9. Wide shot of Wickremesinghe at press stakeout
10. Cutaway of photographers
11. SOUNDBITE: (English) Sri Lankan Prime Minister Ranil Wickremesinghe
"This is not the first crisis I have had. When I go back, I will sort it out. We have the majority in Parliament, and we will get the peace process on track. I am talking with the co-chairman of the donor countries."
(Reporter question: Have you been in touch with the LTT?)
12. SOUNDBITE (English) Sri Lankan Prime Minister Ranil Wickremesinghe:
"I have not been in touch with the LTT. The Norwegians are meeting, are in touch with the LTT. I have no reaction to the Norwegians. I have a mandate to bring peace to the country and develop the country.
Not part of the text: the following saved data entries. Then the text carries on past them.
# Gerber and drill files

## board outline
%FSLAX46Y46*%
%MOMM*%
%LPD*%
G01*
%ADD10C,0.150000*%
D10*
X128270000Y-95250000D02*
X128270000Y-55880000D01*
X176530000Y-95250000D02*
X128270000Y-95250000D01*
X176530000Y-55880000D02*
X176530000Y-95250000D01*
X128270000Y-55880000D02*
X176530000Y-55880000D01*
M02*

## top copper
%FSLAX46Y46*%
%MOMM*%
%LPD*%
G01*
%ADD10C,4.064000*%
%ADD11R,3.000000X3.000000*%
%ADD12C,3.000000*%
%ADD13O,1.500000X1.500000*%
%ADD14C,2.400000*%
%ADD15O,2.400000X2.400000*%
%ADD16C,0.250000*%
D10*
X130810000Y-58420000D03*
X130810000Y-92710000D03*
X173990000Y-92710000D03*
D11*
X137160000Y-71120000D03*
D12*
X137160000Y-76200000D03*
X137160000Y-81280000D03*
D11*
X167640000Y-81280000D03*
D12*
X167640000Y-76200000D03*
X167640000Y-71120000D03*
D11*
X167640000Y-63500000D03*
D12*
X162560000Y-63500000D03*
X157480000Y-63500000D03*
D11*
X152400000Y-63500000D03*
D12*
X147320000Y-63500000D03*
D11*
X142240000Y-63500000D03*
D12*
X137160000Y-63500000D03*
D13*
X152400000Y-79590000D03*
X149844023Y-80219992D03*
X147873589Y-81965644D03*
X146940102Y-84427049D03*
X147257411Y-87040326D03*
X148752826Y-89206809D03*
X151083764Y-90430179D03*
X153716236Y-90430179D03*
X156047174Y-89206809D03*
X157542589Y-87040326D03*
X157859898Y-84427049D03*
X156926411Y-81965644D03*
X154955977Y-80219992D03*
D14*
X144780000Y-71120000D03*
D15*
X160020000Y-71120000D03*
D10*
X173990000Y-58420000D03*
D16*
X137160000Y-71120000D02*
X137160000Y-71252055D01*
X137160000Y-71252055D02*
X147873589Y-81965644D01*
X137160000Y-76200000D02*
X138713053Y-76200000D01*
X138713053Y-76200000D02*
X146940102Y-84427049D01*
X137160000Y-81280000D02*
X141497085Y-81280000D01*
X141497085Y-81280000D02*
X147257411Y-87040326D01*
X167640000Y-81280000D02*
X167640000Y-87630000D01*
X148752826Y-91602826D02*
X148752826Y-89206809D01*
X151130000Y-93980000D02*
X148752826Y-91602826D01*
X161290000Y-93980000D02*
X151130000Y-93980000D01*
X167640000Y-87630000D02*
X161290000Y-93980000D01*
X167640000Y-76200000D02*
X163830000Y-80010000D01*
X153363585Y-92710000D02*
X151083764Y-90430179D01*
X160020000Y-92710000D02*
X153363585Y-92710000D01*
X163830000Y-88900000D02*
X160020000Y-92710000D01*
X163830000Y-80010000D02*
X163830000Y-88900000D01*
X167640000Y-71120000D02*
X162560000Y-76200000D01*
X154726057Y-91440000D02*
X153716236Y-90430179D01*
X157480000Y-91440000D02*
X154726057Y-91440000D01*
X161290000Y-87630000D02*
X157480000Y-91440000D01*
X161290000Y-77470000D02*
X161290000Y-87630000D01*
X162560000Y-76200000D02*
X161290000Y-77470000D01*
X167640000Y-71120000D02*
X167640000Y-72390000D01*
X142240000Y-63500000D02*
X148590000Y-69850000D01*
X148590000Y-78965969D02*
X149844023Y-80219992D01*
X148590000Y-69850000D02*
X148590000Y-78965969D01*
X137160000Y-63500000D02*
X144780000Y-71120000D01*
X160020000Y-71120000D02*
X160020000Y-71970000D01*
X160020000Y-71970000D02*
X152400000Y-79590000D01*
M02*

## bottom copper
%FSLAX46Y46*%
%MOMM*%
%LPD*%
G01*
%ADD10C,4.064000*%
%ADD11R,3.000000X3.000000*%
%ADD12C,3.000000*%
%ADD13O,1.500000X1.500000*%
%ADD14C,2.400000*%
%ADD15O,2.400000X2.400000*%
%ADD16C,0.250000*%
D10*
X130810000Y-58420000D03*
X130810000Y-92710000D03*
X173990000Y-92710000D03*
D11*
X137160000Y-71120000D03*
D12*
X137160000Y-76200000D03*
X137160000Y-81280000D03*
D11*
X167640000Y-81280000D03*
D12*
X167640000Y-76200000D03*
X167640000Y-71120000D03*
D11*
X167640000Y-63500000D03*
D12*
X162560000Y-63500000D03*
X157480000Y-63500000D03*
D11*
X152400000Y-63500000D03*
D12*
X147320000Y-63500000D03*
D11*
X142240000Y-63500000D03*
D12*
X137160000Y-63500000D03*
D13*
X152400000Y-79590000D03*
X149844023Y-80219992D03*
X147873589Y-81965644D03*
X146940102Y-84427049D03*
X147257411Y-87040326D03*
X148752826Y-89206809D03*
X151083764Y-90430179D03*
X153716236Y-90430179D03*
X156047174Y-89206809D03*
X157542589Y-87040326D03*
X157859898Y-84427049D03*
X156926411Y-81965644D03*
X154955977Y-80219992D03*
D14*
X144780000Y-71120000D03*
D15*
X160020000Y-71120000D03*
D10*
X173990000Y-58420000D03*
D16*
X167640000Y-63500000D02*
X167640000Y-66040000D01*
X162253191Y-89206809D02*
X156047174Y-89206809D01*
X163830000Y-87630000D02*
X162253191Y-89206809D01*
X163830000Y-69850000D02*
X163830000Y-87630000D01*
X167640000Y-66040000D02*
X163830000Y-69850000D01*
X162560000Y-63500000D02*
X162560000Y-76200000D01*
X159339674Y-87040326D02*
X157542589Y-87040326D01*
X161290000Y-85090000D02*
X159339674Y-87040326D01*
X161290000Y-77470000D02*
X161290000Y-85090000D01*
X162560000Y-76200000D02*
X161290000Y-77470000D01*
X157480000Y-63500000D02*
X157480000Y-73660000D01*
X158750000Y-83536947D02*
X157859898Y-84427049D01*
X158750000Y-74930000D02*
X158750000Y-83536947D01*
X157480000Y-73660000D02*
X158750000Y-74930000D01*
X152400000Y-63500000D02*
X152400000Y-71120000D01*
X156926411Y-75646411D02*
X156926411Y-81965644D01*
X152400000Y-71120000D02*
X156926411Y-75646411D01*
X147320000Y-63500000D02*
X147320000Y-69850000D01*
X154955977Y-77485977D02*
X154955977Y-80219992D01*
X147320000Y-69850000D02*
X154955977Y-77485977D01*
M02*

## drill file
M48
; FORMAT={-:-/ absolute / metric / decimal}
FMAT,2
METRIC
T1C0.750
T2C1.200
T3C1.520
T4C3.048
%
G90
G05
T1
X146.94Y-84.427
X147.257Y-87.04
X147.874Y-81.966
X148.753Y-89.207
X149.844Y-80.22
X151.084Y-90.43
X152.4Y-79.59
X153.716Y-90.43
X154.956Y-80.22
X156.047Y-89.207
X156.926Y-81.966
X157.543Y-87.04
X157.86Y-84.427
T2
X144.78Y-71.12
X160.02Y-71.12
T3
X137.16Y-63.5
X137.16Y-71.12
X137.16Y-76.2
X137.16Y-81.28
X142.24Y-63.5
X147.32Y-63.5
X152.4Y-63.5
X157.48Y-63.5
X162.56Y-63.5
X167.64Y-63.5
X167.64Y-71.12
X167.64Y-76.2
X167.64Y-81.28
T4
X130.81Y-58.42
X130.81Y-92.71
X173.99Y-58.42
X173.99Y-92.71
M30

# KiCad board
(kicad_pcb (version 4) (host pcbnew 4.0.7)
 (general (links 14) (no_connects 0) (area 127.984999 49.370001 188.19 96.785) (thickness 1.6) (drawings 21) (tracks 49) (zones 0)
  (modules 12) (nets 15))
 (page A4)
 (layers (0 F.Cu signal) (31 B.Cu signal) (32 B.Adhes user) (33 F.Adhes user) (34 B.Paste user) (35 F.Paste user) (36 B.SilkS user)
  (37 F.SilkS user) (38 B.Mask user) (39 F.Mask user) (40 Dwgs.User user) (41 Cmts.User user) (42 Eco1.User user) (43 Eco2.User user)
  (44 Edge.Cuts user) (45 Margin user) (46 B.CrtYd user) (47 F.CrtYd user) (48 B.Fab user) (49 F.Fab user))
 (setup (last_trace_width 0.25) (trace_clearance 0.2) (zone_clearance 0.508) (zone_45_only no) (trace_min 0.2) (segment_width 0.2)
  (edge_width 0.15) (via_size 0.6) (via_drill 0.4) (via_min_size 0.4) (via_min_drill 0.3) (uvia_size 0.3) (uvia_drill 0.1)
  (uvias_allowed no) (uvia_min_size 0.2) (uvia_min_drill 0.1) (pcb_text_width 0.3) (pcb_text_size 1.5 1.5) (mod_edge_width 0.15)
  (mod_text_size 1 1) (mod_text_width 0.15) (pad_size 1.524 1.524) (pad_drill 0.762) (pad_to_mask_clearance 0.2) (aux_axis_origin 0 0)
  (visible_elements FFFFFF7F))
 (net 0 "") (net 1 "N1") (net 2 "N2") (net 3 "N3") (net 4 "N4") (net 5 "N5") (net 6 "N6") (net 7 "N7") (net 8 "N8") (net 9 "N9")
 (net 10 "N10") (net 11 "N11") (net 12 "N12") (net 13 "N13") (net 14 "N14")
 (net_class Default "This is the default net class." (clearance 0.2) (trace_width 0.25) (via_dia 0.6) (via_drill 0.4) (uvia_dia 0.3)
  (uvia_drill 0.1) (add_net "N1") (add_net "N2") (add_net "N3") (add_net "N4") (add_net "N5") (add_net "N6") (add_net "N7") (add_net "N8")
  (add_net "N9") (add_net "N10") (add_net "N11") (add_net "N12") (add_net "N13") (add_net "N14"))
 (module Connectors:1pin (layer F.Cu) (at 130.81 58.42)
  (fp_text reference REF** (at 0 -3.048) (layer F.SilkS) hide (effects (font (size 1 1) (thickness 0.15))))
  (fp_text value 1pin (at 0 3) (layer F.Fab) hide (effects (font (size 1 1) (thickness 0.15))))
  (pad 1 thru_hole circle (at 0 0) (size 4.064 4.064) (drill 3.048) (layers *.Cu *.Mask)))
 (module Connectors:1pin (layer F.Cu) (at 130.81 92.71)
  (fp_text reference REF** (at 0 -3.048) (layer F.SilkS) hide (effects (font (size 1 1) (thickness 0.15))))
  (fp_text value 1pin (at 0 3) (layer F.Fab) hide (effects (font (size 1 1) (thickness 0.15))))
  (pad 1 thru_hole circle (at 0 0) (size 4.064 4.064) (drill 3.048) (layers *.Cu *.Mask)))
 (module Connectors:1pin (layer F.Cu) (at 173.99 92.71)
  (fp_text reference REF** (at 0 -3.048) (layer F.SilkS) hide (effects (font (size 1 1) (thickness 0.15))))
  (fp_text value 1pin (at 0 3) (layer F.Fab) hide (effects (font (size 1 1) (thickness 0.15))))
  (pad 1 thru_hole circle (at 0 0) (size 4.064 4.064) (drill 3.048) (layers *.Cu *.Mask)))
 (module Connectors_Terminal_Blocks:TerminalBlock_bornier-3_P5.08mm (layer F.Cu) (at 137.16 71.12 270)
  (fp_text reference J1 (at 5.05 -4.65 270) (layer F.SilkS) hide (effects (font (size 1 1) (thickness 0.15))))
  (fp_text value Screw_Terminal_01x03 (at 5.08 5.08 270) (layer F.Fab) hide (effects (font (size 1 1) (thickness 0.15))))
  (pad 1 thru_hole rect (at 0 0 270) (size 3 3) (drill 1.52) (layers *.Cu *.Mask) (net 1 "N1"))
  (pad 2 thru_hole circle (at 5.08 0 270) (size 3 3) (drill 1.52) (layers *.Cu *.Mask) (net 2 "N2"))
  (pad 3 thru_hole circle (at 10.16 0 270) (size 3 3) (drill 1.52) (layers *.Cu *.Mask) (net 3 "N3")))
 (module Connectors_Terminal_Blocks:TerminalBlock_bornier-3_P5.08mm (layer F.Cu) (at 167.64 81.28 90)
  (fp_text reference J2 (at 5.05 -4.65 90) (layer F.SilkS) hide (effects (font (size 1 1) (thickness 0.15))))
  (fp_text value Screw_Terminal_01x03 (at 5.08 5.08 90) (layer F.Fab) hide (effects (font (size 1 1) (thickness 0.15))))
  (pad 1 thru_hole rect (at 0 0 90) (size 3 3) (drill 1.52) (layers *.Cu *.Mask) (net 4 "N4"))
  (pad 2 thru_hole circle (at 5.08 0 90) (size 3 3) (drill 1.52) (layers *.Cu *.Mask) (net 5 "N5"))
  (pad 3 thru_hole circle (at 10.16 0 90) (size 3 3) (drill 1.52) (layers *.Cu *.Mask) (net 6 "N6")))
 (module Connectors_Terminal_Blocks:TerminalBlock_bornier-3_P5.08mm (layer F.Cu) (at 167.64 63.5 180)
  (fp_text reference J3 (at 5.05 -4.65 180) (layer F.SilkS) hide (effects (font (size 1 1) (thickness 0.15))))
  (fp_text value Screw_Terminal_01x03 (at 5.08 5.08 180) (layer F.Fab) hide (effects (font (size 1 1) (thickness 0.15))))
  (pad 1 thru_hole rect (at 0 0 180) (size 3 3) (drill 1.52) (layers *.Cu *.Mask) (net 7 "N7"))
  (pad 2 thru_hole circle (at 5.08 0 180) (size 3 3) (drill 1.52) (layers *.Cu *.Mask) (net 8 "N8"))
  (pad 3 thru_hole circle (at 10.16 0 180) (size 3 3) (drill 1.52) (layers *.Cu *.Mask) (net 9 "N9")))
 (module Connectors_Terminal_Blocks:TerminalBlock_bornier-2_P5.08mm (layer F.Cu) (at 152.4 63.5 180)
Thank you."
10. Wickremesinghe walks away


STORYLINE:

As Sri Lanka's political crisis deepened Wednesday, President Chandrika Kumaratunga declared a state of emergency, giving the military sweeping powers.
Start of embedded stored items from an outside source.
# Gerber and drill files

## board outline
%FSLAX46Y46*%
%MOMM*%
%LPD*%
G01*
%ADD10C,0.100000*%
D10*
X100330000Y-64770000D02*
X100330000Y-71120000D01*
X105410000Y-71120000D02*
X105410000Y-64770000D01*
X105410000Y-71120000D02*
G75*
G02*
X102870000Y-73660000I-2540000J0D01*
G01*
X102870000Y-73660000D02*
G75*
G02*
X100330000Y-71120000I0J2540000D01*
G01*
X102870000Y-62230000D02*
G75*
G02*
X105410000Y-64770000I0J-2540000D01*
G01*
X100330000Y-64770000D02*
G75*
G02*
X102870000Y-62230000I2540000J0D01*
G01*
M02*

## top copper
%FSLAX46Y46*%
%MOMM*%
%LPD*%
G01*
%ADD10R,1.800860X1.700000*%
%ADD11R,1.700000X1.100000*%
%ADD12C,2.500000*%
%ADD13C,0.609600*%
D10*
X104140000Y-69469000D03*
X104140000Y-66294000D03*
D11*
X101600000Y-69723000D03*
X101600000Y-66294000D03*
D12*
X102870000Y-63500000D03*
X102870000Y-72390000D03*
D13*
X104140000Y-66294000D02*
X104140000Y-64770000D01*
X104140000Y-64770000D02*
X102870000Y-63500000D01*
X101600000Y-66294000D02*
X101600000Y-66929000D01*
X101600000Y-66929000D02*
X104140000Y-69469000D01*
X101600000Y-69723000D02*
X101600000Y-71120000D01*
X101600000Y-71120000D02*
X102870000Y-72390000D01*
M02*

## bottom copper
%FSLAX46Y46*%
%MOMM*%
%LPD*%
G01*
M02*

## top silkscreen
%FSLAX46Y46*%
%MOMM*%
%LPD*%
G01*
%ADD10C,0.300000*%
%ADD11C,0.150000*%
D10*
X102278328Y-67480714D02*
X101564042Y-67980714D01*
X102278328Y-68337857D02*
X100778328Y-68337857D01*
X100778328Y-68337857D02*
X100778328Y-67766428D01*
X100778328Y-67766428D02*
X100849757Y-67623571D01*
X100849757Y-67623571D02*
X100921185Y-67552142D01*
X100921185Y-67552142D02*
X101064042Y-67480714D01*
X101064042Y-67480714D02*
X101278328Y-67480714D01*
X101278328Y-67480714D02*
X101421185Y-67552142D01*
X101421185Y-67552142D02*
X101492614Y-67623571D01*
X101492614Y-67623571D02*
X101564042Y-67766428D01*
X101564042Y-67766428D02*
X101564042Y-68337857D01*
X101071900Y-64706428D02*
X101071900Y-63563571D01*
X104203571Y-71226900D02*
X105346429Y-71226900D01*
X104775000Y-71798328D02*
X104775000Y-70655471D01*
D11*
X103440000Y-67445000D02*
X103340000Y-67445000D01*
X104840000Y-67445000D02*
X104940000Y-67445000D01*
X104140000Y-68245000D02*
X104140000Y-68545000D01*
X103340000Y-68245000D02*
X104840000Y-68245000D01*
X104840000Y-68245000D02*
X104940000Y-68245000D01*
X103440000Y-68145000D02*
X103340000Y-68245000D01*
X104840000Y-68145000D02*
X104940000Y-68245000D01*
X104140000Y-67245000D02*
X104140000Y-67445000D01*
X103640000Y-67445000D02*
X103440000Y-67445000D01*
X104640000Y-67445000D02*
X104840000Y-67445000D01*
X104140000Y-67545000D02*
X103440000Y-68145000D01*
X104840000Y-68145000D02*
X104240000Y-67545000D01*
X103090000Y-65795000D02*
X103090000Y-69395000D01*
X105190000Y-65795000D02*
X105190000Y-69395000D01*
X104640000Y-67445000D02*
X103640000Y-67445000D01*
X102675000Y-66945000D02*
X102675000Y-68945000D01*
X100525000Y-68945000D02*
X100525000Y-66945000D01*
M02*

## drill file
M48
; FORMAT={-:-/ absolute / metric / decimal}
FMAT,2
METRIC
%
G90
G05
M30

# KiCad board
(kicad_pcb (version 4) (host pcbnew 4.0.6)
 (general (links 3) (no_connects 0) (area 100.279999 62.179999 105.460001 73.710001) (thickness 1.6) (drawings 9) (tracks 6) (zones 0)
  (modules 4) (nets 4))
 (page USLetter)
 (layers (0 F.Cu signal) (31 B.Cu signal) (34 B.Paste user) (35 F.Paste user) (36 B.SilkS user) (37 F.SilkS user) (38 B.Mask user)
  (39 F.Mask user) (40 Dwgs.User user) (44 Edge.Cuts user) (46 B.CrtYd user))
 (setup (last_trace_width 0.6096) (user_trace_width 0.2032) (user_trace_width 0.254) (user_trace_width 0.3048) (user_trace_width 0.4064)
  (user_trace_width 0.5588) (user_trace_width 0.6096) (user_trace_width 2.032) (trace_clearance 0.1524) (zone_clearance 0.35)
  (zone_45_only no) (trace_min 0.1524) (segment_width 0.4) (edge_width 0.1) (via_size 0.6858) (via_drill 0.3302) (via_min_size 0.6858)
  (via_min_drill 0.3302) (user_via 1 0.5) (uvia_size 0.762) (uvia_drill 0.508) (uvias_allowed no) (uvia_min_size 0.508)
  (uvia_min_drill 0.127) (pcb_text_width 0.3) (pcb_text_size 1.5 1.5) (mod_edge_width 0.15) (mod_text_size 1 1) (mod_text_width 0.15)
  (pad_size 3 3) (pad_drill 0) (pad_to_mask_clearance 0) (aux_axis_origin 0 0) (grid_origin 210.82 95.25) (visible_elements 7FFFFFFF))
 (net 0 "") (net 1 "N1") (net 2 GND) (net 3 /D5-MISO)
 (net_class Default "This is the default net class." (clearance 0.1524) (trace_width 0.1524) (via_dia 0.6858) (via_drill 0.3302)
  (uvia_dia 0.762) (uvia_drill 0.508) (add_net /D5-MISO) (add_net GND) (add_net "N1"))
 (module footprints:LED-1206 (layer F.Cu) (at 104.14 67.945 270)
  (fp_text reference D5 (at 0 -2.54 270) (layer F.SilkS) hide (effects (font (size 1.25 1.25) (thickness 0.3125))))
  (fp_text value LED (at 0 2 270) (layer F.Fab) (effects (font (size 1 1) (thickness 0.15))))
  (fp_line (start -0.5 0.7) (end -0.5 0.8) (layer F.SilkS) (width 0.15))
  (fp_line (start -0.5 -0.7) (end -0.5 -0.8) (layer F.SilkS) (width 0.15))
  (fp_line (start 0.3 0) (end 0.6 0) (layer F.SilkS) (width 0.15))
  (fp_line (start 0.3 0.8) (end 0.3 -0.7) (layer F.SilkS) (width 0.15))
  (fp_line (start 0.3 -0.7) (end 0.3 -0.8) (layer F.SilkS) (width 0.15))
  (fp_line (start 0.2 0.7) (end 0.3 0.8) (layer F.SilkS) (width 0.15))
  (fp_line (start 0.2 -0.7) (end 0.3 -0.8) (layer F.SilkS) (width 0.15))
  (fp_line (start -0.7 0) (end -0.5 0) (layer F.SilkS) (width 0.15))
  (fp_line (start -0.5 0.5) (end -0.5 0.7) (layer F.SilkS) (width 0.15))
  (fp_line (start -0.5 -0.5) (end -0.5 -0.7) (layer F.SilkS) (width 0.15))
  (fp_line (start -0.4 0) (end 0.2 0.7) (layer F.SilkS) (width 0.15))
  (fp_line (start 0.2 -0.7) (end -0.4 -0.1) (layer F.SilkS) (width 0.15))
  (fp_line (start -2.15 1.05) (end 1.45 1.05) (layer F.SilkS) (width 0.15))
  (fp_line (start -2.15 -1.05) (end 1.45 -1.05) (layer F.SilkS) (width 0.15))
  (fp_line (start -0.5 -0.5) (end -0.5 0.5) (layer F.SilkS) (width 0.15))
  (pad 2 smd rect (at 1.524 0 90) (size 1.7 1.80086) (layers F.Cu F.Paste F.Mask) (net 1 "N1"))
  (pad 1 smd rect (at -1.651 0 90) (size 1.7 1.80086) (layers F.Cu F.Paste F.Mask) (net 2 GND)))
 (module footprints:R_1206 (layer F.Cu) (at 101.6 67.945 90)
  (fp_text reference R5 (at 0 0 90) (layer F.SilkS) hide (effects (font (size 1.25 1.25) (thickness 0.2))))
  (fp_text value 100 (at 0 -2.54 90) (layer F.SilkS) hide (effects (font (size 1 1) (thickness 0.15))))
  (fp_line (start 1 1.075) (end -1 1.075) (layer F.SilkS) (width 0.15))
  (fp_line (start -1 -1.075) (end 1 -1.075) (layer F.SilkS) (width 0.15))
  (pad 1 smd rect (at -1.778 0 90) (size 1.1 1.7) (layers F.Cu F.Paste F.Mask) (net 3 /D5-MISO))
  (pad 2 smd rect (at 1.651 0 90) (size 1.1 1.7) (layers F.Cu F.Paste F.Mask) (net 1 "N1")))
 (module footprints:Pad (layer F.Cu) (at 102.87 63.5)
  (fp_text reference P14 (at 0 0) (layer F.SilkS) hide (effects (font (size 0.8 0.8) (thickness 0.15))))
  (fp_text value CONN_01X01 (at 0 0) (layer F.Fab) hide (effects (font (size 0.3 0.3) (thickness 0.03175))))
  (pad 1 smd circle (at 0 0) (size 2.5 2.5) (layers F.Cu F.Paste F.Mask) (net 2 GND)))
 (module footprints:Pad (layer F.Cu) (at 102.87 72.39)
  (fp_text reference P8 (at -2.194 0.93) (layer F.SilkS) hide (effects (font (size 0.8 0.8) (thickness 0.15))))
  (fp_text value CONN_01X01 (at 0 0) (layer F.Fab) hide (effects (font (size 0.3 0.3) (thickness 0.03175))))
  (pad 1 smd circle (at 0 0) (size 2.5 2.5) (layers F.Cu F.Paste F.Mask) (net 3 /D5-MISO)))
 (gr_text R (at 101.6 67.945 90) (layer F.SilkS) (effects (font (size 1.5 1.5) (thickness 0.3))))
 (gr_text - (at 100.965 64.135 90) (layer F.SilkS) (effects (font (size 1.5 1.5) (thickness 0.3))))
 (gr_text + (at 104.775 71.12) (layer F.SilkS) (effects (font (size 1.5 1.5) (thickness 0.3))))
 (gr_line (start 100.33 64.77) (end 100.33 71.12) (angle 90) (layer Edge.Cuts) (width 0.1))
 (gr_line (start 105.41 71.12) (end 105.41 64.77) (angle 90) (layer Edge.Cuts) (width 0.1))
 (gr_arc (start 102.87 71.12) (end 105.41 71.12) (angle 90) (layer Edge.Cuts) (width 0.1))
 (gr_arc (start 102.87 71.12) (end 102.87 73.66) (angle 90) (layer Edge.Cuts) (width 0.1))
 (gr_arc (start 102.87 64.77) (end 102.87 62.23) (angle 90) (layer Edge.Cuts) (width 0.1))
 (gr_arc (start 102.87 64.77) (end 100.33 64.77) (angle 90) (layer Edge.Cuts) (width 0.1))
 (segment (start 104.14 66.294) (end 104.14 64.77) (width 0.6096) (layer F.Cu) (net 2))
 (segment (start 104.14 64.77) (end 102.87 63.5) (width 0.6096) (layer F.Cu) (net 2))
 (segment (start 101.6 66.294) (end 101.6 66.929) (width 0.6096) (layer F.Cu) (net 1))
 (segment (start 101.6 66.929) (end 104.14 69.469) (width 0.6096) (layer F.Cu) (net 1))
 (segment (start 101.6 69.723) (end 101.6 71.12) (width 0.6096) (layer F.Cu) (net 3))
 (segment (start 101.6 71.12) (end 102.87 72.39) (width 0.6096) (layer F.Cu) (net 3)))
Kumarantunga's rival, prime minister Ranil Wickremesinghe was in Washington to meet with US President George W. Bush.

Aides insisted President Chandrika Kumaratunga wouldn't restart the civil war that has divided the island nation for two decades now, and which is at the root of her feud with Prime Minister Ranil Wickremesinghe.

They also said she would honour a shaky cease-fire with Tamil Tiger rebels, but the president's moves appeared to jeopardise the peace talks.

The crisis flared up on Tuesday while the prime minister was in the United States.

President Kumaratunga fired three key ministers who've been instrumental in the government's peace efforts.

She also suspended Parliament for two weeks and deployed troops around the capital Colombo.

Kumaratunga said the steps were need to check a deteriorating security situation.

After meeting with Bush, Wickremesinghe said he had told the president that "things had changed" since he had left for the United States.

But he added, "these ups and downs" are "part of Sri Lankan politics," and pledged he would sort the situation out when he returns to Colombo.

Wickremesinghe said he told President Bush he had the support of a majority of Parliament, and that he would get the peace process back on track.

White House press secretary Scott McClellan said the US "strongly supports the peace process and strong democratic institutions in Sri Lanka."

Meanwhile, in Colombo, Wickremesinghe's supporters quickly struck back.

More than half of the country's parliamentarians on Wednesday pledged support for him and rejected the firings.

The strong support for the prime minister could make it politically difficult for Kumaratunga to dismiss Wickremesinghe.